◆ Activity:
In the records below, some lines contain the word "font". Copy each of them.

*** Data shown ***

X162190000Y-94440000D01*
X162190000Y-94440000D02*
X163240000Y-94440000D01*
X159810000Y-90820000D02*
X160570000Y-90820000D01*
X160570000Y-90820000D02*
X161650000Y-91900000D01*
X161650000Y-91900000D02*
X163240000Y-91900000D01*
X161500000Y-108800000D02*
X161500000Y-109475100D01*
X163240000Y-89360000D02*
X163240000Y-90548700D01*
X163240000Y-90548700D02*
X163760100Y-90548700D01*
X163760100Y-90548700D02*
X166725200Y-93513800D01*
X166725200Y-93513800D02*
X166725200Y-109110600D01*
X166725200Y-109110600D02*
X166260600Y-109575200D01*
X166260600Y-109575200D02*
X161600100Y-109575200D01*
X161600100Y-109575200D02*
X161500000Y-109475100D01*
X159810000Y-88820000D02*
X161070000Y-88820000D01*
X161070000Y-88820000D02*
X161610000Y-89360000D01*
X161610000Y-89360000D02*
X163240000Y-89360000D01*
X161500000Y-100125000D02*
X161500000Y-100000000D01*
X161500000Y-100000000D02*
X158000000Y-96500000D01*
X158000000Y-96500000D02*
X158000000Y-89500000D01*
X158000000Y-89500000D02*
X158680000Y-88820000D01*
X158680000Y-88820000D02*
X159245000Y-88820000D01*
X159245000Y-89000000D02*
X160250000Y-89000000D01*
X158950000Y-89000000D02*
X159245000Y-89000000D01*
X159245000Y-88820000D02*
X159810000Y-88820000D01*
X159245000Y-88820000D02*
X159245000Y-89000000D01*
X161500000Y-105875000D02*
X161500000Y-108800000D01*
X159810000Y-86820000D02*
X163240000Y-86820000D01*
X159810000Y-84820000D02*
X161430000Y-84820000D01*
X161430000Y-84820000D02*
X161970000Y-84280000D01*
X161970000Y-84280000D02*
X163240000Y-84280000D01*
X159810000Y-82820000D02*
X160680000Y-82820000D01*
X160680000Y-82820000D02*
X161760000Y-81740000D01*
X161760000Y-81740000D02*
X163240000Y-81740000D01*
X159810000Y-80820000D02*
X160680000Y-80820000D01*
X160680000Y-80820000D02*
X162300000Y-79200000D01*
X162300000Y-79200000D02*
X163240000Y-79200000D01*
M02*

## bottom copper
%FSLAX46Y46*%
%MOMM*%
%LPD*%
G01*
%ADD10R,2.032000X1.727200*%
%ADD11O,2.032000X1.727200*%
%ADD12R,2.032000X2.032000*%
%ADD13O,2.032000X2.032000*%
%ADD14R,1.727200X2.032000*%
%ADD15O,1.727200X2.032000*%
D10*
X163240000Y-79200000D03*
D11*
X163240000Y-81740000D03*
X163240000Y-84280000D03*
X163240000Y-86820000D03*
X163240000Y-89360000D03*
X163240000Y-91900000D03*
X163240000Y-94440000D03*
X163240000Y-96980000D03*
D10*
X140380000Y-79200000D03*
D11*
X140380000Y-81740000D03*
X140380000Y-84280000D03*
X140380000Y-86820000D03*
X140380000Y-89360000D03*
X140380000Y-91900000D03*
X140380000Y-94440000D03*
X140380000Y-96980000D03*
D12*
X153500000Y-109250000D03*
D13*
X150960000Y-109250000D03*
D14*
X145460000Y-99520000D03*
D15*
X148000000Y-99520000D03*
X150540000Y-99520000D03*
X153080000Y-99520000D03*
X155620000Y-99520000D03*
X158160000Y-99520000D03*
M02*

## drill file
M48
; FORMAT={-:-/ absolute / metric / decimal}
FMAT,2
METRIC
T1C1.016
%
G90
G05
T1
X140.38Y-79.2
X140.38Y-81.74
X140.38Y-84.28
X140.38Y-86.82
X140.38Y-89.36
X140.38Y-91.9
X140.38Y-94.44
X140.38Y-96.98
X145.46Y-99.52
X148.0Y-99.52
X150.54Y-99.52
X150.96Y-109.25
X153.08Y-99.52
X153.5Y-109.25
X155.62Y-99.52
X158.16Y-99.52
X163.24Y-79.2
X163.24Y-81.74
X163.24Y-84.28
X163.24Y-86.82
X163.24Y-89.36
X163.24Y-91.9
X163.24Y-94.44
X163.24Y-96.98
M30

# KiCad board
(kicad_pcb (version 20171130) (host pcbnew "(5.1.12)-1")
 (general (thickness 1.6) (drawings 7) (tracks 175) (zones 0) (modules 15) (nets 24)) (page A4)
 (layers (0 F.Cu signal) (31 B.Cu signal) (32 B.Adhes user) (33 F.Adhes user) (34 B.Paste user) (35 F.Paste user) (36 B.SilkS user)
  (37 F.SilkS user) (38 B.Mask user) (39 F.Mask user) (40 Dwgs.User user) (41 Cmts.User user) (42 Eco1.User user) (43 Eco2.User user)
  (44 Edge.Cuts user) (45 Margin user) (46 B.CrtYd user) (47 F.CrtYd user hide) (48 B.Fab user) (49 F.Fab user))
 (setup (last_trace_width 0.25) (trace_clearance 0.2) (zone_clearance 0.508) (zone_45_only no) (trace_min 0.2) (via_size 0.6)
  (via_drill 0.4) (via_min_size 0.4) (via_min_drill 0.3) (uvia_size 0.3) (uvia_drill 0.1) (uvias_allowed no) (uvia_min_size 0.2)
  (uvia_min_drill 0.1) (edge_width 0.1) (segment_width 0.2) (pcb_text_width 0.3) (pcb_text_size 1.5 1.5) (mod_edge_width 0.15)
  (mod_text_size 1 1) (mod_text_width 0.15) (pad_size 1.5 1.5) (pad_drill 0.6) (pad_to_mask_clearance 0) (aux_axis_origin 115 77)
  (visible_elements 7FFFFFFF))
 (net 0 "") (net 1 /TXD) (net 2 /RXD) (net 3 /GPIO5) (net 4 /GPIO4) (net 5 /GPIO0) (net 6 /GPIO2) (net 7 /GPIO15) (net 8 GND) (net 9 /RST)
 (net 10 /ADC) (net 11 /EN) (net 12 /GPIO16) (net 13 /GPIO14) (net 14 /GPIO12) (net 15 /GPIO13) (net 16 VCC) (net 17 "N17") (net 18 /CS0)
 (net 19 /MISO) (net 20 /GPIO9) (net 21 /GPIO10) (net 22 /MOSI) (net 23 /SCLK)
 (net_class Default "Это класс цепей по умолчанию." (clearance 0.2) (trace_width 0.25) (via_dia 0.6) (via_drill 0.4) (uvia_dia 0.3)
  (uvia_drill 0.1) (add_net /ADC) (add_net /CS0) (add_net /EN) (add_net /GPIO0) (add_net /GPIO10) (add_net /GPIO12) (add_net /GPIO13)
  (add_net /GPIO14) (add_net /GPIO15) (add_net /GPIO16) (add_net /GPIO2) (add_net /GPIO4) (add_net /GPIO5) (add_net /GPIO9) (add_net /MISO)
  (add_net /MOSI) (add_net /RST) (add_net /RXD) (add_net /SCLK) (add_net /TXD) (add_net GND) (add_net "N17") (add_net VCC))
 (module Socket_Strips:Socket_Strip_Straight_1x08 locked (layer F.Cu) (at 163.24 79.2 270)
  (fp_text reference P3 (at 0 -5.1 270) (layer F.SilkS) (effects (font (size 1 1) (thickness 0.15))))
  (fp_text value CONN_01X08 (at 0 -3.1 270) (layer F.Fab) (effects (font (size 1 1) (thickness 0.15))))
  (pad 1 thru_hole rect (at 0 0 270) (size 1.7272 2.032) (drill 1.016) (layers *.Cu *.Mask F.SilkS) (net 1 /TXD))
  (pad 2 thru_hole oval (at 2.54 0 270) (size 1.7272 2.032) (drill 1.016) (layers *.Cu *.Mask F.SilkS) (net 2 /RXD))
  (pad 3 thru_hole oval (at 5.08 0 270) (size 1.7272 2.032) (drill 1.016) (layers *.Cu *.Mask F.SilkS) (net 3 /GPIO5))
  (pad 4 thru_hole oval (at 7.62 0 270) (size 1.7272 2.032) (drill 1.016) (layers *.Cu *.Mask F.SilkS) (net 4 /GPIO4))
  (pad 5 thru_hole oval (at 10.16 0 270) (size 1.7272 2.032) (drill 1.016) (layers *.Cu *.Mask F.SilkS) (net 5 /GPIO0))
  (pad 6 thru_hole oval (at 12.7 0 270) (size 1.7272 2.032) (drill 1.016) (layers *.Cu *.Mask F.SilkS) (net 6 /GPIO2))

*** End of Data shown ***

◆ Response to this exercise:
  (fp_text reference P3 (at 0 -5.1 270) (layer F.SilkS) (effects (font (size 1 1) (thickness 0.15))))
  (fp_text value CONN_01X08 (at 0 -3.1 270) (layer F.Fab) (effects (font (size 1 1) (thickness 0.15))))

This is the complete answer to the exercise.